- [ASSIGNED TASK]:
Reproduce the records word for word, from the first line to the line containing "X69086542Y-107374059D02*".

___ SOURCE DATA ___

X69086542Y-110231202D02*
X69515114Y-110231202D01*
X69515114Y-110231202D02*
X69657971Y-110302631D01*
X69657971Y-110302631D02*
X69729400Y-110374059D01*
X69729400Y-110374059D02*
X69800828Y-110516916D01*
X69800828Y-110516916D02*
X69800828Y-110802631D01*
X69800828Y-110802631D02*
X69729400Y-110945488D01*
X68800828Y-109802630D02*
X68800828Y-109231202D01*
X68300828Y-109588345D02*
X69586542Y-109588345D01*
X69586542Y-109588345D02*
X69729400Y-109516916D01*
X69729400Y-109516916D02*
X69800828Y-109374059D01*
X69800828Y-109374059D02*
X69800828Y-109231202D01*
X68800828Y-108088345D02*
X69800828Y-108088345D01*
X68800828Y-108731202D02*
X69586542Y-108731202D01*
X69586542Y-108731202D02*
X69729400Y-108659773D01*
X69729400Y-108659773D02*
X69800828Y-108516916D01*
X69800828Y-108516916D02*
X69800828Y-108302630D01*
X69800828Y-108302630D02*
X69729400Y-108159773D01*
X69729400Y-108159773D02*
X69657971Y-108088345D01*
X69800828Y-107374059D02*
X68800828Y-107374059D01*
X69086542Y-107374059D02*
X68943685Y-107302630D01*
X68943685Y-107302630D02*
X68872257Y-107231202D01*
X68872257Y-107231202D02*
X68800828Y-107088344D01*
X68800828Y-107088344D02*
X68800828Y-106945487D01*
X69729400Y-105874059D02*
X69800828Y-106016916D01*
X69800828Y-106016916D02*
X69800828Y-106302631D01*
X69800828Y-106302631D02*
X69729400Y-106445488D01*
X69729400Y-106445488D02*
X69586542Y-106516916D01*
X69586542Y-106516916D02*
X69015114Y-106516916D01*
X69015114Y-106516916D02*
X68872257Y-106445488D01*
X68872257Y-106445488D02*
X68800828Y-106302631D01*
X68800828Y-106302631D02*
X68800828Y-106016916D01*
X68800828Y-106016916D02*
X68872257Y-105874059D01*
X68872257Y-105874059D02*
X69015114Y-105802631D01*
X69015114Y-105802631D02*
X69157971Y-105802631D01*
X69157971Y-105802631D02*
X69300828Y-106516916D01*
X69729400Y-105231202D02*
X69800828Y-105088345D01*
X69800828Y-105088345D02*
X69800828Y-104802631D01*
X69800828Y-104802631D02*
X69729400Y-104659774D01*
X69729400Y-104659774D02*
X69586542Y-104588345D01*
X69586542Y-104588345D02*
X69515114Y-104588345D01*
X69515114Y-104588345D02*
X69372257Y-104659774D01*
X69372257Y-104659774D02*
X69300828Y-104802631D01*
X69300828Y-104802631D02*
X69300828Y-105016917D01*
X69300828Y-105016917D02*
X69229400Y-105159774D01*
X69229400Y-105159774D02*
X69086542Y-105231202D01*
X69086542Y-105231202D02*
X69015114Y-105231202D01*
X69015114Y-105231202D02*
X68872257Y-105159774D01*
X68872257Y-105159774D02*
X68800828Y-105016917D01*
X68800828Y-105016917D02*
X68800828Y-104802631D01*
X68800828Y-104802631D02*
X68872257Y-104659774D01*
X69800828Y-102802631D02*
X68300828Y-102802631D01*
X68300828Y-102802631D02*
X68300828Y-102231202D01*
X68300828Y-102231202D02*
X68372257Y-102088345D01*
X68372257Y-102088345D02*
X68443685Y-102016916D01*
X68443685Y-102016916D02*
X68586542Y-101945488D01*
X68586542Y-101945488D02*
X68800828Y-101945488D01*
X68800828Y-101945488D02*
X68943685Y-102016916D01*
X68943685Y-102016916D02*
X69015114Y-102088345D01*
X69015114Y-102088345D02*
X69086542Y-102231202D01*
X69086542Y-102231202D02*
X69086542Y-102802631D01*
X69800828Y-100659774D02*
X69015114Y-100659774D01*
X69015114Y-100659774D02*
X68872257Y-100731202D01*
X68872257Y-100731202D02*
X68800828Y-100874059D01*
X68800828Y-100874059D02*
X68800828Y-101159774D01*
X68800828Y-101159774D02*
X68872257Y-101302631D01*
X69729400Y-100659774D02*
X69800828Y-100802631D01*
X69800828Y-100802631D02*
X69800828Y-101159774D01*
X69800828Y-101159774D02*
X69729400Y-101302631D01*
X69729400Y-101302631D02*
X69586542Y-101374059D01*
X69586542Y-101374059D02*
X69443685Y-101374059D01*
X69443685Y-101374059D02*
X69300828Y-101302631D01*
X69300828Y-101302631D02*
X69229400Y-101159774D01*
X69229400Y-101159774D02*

___

- [EXERCISE ANSWER]:
X69086542Y-110231202D02*
X69515114Y-110231202D01*
X69515114Y-110231202D02*
X69657971Y-110302631D01*
X69657971Y-110302631D02*
X69729400Y-110374059D01*
X69729400Y-110374059D02*
X69800828Y-110516916D01*
X69800828Y-110516916D02*
X69800828Y-110802631D01*
X69800828Y-110802631D02*
X69729400Y-110945488D01*
X68800828Y-109802630D02*
X68800828Y-109231202D01*
X68300828Y-109588345D02*
X69586542Y-109588345D01*
X69586542Y-109588345D02*
X69729400Y-109516916D01*
X69729400Y-109516916D02*
X69800828Y-109374059D01*
X69800828Y-109374059D02*
X69800828Y-109231202D01*
X68800828Y-108088345D02*
X69800828Y-108088345D01*
X68800828Y-108731202D02*
X69586542Y-108731202D01*
X69586542Y-108731202D02*
X69729400Y-108659773D01*
X69729400Y-108659773D02*
X69800828Y-108516916D01*
X69800828Y-108516916D02*
X69800828Y-108302630D01*
X69800828Y-108302630D02*
X69729400Y-108159773D01*
X69729400Y-108159773D02*
X69657971Y-108088345D01*
X69800828Y-107374059D02*
X68800828Y-107374059D01*
X69086542Y-107374059D02*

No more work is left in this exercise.